5.2.2. Stability Analysis of Block Retrieval

The stability of retrieval refers to the relatively consistent retrieval efficiency for the same type of retrieval requirements. We investigate the retrieval stability of three retrieval algorithms. We set the number of transaction users to 2 and the size of block file to 5000. We randomly generate 20 groups of transaction user combinations and respectively find the first block satisfying the conditions in the three retrieval algorithms, as shown in

Table 5. First response time comparison of three retrieval algorithms (unit: ms).
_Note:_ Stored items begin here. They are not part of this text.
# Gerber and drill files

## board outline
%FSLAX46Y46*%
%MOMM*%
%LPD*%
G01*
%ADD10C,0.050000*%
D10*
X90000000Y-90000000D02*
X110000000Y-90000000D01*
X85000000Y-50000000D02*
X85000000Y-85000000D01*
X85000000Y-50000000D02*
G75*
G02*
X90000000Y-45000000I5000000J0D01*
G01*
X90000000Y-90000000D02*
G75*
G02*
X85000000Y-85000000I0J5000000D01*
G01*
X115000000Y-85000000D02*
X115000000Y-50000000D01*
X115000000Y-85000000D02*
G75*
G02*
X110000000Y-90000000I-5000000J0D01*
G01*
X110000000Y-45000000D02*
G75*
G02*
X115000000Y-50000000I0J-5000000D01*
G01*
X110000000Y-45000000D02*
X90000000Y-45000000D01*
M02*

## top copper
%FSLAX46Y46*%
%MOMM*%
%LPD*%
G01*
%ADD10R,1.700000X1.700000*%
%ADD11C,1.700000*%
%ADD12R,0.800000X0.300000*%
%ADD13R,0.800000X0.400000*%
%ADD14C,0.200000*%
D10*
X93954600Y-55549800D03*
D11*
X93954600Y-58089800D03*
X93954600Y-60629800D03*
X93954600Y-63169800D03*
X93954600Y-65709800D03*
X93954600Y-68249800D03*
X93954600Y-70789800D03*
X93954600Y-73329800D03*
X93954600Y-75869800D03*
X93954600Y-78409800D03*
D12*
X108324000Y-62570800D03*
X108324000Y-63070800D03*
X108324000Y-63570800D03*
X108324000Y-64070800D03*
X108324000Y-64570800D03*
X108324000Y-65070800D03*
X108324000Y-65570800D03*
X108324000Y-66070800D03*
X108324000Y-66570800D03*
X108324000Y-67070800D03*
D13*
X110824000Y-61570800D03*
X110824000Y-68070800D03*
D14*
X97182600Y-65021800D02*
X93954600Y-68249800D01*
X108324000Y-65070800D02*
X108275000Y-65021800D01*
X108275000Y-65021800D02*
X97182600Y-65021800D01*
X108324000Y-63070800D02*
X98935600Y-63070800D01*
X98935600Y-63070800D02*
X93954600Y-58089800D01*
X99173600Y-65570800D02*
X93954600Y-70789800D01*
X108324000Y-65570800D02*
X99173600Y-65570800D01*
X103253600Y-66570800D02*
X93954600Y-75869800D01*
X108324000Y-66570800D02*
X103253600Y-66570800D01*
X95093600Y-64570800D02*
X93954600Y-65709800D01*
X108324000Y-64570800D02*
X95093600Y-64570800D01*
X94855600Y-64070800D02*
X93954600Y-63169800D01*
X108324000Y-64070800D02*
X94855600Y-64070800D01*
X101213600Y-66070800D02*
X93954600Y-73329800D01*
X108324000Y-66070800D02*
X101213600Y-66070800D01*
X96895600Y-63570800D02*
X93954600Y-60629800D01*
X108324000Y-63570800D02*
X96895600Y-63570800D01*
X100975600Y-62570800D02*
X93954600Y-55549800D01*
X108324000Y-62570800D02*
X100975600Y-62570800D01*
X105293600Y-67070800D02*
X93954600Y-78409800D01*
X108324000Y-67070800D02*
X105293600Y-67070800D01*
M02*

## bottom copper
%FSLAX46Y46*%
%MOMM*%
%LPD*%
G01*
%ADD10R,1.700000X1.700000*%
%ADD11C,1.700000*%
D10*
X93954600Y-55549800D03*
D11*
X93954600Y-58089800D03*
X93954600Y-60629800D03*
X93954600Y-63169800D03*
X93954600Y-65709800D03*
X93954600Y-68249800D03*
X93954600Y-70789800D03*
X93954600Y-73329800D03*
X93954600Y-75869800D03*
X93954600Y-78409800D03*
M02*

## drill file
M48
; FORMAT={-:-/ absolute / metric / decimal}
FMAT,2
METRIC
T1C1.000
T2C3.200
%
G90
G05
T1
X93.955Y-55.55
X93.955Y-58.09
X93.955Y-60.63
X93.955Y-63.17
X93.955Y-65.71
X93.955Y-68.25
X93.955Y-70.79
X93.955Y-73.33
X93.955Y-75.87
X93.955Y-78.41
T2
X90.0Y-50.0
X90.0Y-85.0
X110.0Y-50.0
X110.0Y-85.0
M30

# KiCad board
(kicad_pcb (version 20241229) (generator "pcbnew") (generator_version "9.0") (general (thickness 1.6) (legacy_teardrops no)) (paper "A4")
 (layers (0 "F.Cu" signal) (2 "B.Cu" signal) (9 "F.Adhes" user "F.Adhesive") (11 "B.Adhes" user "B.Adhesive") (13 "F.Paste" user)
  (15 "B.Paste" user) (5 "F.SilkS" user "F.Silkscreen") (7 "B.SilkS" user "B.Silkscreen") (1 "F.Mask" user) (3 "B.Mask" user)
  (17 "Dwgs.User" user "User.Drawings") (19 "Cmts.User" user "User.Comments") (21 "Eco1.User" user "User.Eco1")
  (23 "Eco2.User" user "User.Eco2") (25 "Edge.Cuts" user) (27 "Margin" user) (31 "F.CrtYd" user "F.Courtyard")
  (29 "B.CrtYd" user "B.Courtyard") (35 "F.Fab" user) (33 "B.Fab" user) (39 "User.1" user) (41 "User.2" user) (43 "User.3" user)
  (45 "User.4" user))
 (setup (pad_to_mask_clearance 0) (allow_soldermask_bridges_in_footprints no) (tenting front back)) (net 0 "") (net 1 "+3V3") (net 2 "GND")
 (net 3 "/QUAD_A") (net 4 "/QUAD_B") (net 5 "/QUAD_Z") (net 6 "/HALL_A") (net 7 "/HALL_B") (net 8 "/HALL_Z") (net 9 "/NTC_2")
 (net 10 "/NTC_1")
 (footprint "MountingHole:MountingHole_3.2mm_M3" (layer "F.Cu") (at 110 85)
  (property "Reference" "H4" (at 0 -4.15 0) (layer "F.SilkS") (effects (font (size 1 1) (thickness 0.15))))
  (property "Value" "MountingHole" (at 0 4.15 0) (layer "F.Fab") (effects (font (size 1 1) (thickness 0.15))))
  (pad "" np_thru_hole circle (at 0 0) (size 3.2 3.2) (drill 3.2) (layers "*.Cu" "*.Mask")))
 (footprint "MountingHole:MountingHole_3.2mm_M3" (layer "F.Cu") (at 90 85)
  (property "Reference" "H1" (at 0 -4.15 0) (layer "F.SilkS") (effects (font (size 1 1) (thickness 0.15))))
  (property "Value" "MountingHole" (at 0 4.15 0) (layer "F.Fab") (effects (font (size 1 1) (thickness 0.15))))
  (pad "" np_thru_hole circle (at 0 0) (size 3.2 3.2) (drill 3.2) (layers "*.Cu" "*.Mask")))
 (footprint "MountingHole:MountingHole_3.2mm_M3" (layer "F.Cu") (at 90 50)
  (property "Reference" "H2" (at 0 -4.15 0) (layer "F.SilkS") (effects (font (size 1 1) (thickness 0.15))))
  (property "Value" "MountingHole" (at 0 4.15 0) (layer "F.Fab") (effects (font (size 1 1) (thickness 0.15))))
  (pad "" np_thru_hole circle (at 0 0) (size 3.2 3.2) (drill 3.2) (layers "*.Cu" "*.Mask")))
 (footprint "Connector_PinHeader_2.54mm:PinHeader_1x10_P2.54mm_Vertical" (layer "F.Cu") (at 93.9546 55.5498)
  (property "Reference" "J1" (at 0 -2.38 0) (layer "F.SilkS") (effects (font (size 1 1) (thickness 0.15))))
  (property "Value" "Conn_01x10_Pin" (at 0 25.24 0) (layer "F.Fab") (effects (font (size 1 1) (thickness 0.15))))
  (pad "1" thru_hole rect (at 0 0) (size 1.7 1.7) (drill 1) (layers "*.Cu" "*.Mask") (remove_unused_layers no) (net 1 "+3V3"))
  (pad "2" thru_hole circle (at 0 2.54) (size 1.7 1.7) (drill 1) (layers "*.Cu" "*.Mask") (remove_unused_layers no) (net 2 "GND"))
  (pad "3" thru_hole circle (at 0 5.08) (size 1.7 1.7) (drill 1) (layers "*.Cu" "*.Mask") (remove_unused_layers no) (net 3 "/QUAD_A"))
  (pad "4" thru_hole circle (at 0 7.62) (size 1.7 1.7) (drill 1) (layers "*.Cu" "*.Mask") (remove_unused_layers no) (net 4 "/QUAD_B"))
  (pad "5" thru_hole circle (at 0 10.16) (size 1.7 1.7) (drill 1) (layers "*.Cu" "*.Mask") (remove_unused_layers no) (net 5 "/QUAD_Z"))
  (pad "6" thru_hole circle (at 0 12.7) (size 1.7 1.7) (drill 1) (layers "*.Cu" "*.Mask") (remove_unused_layers no) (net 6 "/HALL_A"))
  (pad "7" thru_hole circle (at 0 15.24) (size 1.7 1.7) (drill 1) (layers "*.Cu" "*.Mask") (remove_unused_layers no) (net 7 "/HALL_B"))
  (pad "8" thru_hole circle (at 0 17.78) (size 1.7 1.7) (drill 1) (layers "*.Cu" "*.Mask") (remove_unused_layers no) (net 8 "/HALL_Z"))
  (pad "9" thru_hole circle (at 0 20.32) (size 1.7 1.7) (drill 1) (layers "*.Cu" "*.Mask") (remove_unused_layers no) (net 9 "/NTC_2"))
  (pad "10" thru_hole circle (at 0 22.86) (size 1.7 1.7) (drill 1) (layers "*.Cu" "*.Mask") (remove_unused_layers no) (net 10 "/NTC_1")))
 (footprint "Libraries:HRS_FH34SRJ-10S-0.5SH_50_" (layer "F.Cu") (at 109.474 64.8208 90)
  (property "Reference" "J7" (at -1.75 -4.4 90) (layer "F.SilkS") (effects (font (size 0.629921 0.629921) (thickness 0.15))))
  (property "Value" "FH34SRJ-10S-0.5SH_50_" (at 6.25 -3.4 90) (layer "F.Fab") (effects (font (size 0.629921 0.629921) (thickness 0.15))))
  (pad "1" smd rect (at 2.25 -1.15 90) (size 0.3 0.8) (layers "F.Cu") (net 1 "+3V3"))
  (pad "2" smd rect (at 1.75 -1.15 90) (size 0.3 0.8) (layers "F.Cu") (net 2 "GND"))
  (pad "3" smd rect (at 1.25 -1.15 90) (size 0.3 0.8) (layers "F.Cu") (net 3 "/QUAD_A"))
  (pad "4" smd rect (at 0.75 -1.15 90) (size 0.3 0.8) (layers "F.Cu") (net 4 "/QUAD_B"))
  (pad "5" smd rect (at 0.25 -1.15 90) (size 0.3 0.8) (layers "F.Cu") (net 5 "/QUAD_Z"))
  (pad "6" smd rect (at -0.25 -1.15 90) (size 0.3 0.8) (layers "F.Cu") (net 6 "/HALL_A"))
  (pad "7" smd rect (at -0.75 -1.15 90) (size 0.3 0.8) (layers "F.Cu") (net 7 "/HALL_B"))
  (pad "8" smd rect (at -1.25 -1.15 90) (size 0.3 0.8) (layers "F.Cu") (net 8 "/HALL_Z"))
  (pad "9" smd rect (at -1.75 -1.15 90) (size 0.3 0.8) (layers "F.Cu") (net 9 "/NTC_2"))
  (pad "10" smd rect (at -2.25 -1.15 90) (size 0.3 0.8) (layers "F.Cu") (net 10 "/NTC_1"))
  (pad "S1" smd rect (at 3.25 1.35 90) (size 0.4 0.8) (layers "F.Cu" "F.Mask" "F.Paste") (solder_mask_margin 0.102))
  (pad "S2" smd rect (at -3.25 1.35 90) (size 0.4 0.8) (layers "F.Cu" "F.Mask" "F.Paste") (solder_mask_margin 0.102)))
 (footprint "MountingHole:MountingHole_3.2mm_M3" (layer "F.Cu") (at 110 50)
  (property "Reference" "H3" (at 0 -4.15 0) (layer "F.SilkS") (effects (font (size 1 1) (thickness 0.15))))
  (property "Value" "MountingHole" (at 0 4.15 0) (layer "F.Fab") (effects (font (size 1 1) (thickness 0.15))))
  (pad "" np_thru_hole circle (at 0 0) (size 3.2 3.2) (drill 3.2) (layers "*.Cu" "*.Mask")))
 (gr_line (start 90 90) (end 110 90) (stroke (width 0.05) (type default)) (layer "Edge.Cuts"))
 (gr_line (start 85 50) (end 85 85) (stroke (width 0.05) (type default)) (layer "Edge.Cuts"))
 (gr_arc (start 85 50) (mid 86.464466 46.464466) (end 90 45) (stroke (width 0.05) (type solid)) (layer "Edge.Cuts"))
 (gr_arc (start 90 90) (mid 86.464466 88.535534) (end 85 85) (stroke (width 0.05) (type solid)) (layer "Edge.Cuts"))
 (gr_line (start 115 85) (end 115 50) (stroke (width 0.05) (type default)) (layer "Edge.Cuts"))
 (gr_arc (start 115 85) (mid 113.535534 88.535534) (end 110 90) (stroke (width 0.05) (type solid)) (layer "Edge.Cuts"))
 (gr_arc (start 110 45) (mid 113.535534 46.464466) (end 115 50) (stroke (width 0.05) (type solid)) (layer "Edge.Cuts"))
 (gr_line (start 110 45) (end 90 45) (stroke (width 0.05) (type default)) (layer "Edge.Cuts"))
 (segment (start 97.1826 65.0218) (end 93.9546 68.2498) (width 0.2) (layer "F.Cu") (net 6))
 (segment (start 108.324 65.0708) (end 108.275 65.0218) (width 0.2) (layer "F.Cu") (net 6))
 (segment (start 108.275 65.0218) (end 97.1826 65.0218) (width 0.2) (layer "F.Cu") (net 6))
 (segment (start 108.324 63.0708) (end 98.9356 63.0708) (width 0.2) (layer "F.Cu") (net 2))
 (segment (start 98.9356 63.0708) (end 93.9546 58.0898) (width 0.2) (layer "F.Cu") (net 2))
 (segment (start 99.1736 65.5708) (end 93.9546 70.7898) (width 0.2) (layer "F.Cu") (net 7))
 (segment (start 108.324 65.5708) (end 99.1736 65.5708) (width 0.2) (layer "F.Cu") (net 7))
 (segment (start 103.2536 66.5708) (end 93.9546 75.8698) (width 0.2) (layer "F.Cu") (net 9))
 (segment (start 108.324 66.5708) (end 103.2536 66.5708) (width 0.2) (layer "F.Cu") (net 9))
 (segment (start 95.0936 64.5708) (end 93.9546 65.7098) (width 0.2) (layer "F.Cu") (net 5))
 (segment (start 108.324 64.5708) (end 95.0936 64.5708) (width 0.2) (layer "F.Cu") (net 5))
 (segment (start 94.8556 64.0708) (end 93.9546 63.1698) (width 0.2) (layer "F.Cu") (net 4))
 (segment (start 108.324 64.0708) (end 94.8556 64.0708) (width 0.2) (layer "F.Cu") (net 4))
 (segment (start 101.2136 66.0708) (end 93.9546 73.3298) (width 0.2) (layer "F.Cu") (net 8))
 (segment (start 108.324 66.0708) (end 101.2136 66.0708) (width 0.2) (layer "F.Cu") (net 8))
 (segment (start 96.8956 63.5708) (end 93.9546 60.6298) (width 0.2) (layer "F.Cu") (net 3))
 (segment (start 108.324 63.5708) (end 96.8956 63.5708) (width 0.2) (layer "F.Cu") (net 3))
 (segment (start 100.9756 62.5708) (end 93.9546 55.5498) (width 0.2) (layer "F.Cu") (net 1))
 (segment (start 108.324 62.5708) (end 100.9756 62.5708) (width 0.2) (layer "F.Cu") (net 1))
 (segment (start 105.2936 67.0708) (end 93.9546 78.4098) (width 0.2) (layer "F.Cu") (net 10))
 (segment (start 108.324 67.0708) (end 105.2936 67.0708) (width 0.2) (layer "F.Cu") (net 10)))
Serial Number	BR	RBR	BRBR	Serial Number	BR	RBR	BRBR
1	972	45	85	2	577	167	87
3	888	114	86	4	1045	123	85
5	987	55	87	6	1142	54	84
7	1065	153	86	8	544	156	88
9	898	132	85	10	1033	98	84
11	873	123	83	12	1029	87	85
13	1078	107	86	14	922	138	87
15	1033	56	87	16	682	135	84
17	962	97	89	18	712	142	83
19	1057	138	85	20	572	75	85

and Figure 16.

The experimental results show that both BR and RBR algorithms fluctuate in different degrees under the demand of the first search. The retrieval performance is not only affected by the algorithm, but also affected by the location of block information storage. As the BRBR method uses a B+-tree index, the number of searches is not affected by the location of block storage and instead only determined by the number of blocks. It thus has a stable retrieval performance. It seems to be equivalent to the time required to find all blocks.

According to the above data analysis, both RBR and its improved variant BRBR achieve greater performance compared with the traditional retrieval method. BRBR exhibits better retrieval efficiency and stability than RBR, and with increasing number of blocks, this efficiency gap is also growing.

6. Conclusions

The retrieval time is one of the factors limiting applications of blockchains. Traditional blockchain retrieval needs to traverse the whole chain, no matter whether the block is near the end or the head of the chain. The retrieval time is always too long to meet application requirements. For this reason, this paper proposes two retrieval methods named RBR (Application of Redis in Block Retrieval) and BRBR (Application of B+-tree and Redis in Improved Block Retrieval) for the MTMCB. Without changing the original structure of the blockchain, RBR merely adds a “User Set” and a “Block Name Set” on the RNS. These two sets establish an index of block names, users, and block files, which can realize the rapid retrieval of blocks. RBR can meet the requirements of general consortium blockchain application system normally, but for the application system with large-scale users and block files, RBR cannot have a satisfactory retrieval speed. Therefore, this paper presents a complex structure of B+-tree and block name inverted, and proposes a corresponding block retrieval algorithm named BRBR. Firstly, the block information is put into the orderly set according to the transaction participants, and the B+-tree index is established for the transaction participants. The block information is composed into ordered sets according to the transaction participants. Then, the B+-tree index is established for the transaction participants. When searching, the B+-tree index allows us to quickly find the ordered set, including the participants and block name. At last, we can get the information of the relevant block file quickly efficiently by finding the intersection of several related ordered sets. We analyze the time requirements of the retrieval algorithms in a comprehensive experiment. The efficiency and stability of the improved algorithm are verified by experiments.

This solution is currently only applied to MTMCB and may not be applicable to other blockchain systems. In the future, we will study how to apply the ideas in this article to private blockchain systems.